[DATA PROVIDED]

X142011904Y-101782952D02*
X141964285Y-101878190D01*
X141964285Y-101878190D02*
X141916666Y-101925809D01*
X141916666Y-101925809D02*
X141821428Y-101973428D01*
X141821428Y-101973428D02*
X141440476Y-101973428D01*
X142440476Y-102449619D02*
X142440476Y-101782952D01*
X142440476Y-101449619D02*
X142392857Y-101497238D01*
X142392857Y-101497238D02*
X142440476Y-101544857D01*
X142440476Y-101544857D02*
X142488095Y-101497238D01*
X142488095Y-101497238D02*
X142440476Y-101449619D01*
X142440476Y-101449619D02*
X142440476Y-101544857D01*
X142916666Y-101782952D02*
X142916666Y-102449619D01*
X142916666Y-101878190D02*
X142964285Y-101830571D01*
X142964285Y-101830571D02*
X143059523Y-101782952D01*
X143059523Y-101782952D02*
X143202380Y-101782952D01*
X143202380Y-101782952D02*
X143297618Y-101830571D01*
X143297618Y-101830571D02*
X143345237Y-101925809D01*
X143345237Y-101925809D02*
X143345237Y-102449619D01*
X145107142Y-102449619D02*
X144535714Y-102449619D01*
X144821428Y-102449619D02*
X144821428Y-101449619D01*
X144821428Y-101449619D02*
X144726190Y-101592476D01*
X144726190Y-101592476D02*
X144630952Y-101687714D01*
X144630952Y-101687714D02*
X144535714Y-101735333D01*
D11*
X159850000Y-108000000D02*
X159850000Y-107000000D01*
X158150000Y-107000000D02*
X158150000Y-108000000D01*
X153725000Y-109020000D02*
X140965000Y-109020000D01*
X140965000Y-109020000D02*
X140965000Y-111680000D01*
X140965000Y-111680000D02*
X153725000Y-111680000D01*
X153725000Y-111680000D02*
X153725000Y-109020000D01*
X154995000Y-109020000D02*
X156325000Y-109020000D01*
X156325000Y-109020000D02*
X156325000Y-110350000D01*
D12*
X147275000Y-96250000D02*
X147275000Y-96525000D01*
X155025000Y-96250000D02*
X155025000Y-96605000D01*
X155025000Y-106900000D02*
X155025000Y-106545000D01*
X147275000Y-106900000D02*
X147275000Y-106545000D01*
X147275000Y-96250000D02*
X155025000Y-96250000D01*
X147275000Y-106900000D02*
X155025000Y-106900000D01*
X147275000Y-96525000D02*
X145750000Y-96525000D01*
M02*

[/DATA PROVIDED]

Lines to set down from above: the line with "X158150000Y-107000000D02*", the line with "X154995000Y-109020000D02*", and every line between, each exactly as written.

RESPONSE
X158150000Y-107000000D02*
X158150000Y-108000000D01*
X153725000Y-109020000D02*
X140965000Y-109020000D01*
X140965000Y-109020000D02*
X140965000Y-111680000D01*
X140965000Y-111680000D02*
X153725000Y-111680000D01*
X153725000Y-111680000D02*
X153725000Y-109020000D01*
X154995000Y-109020000D02*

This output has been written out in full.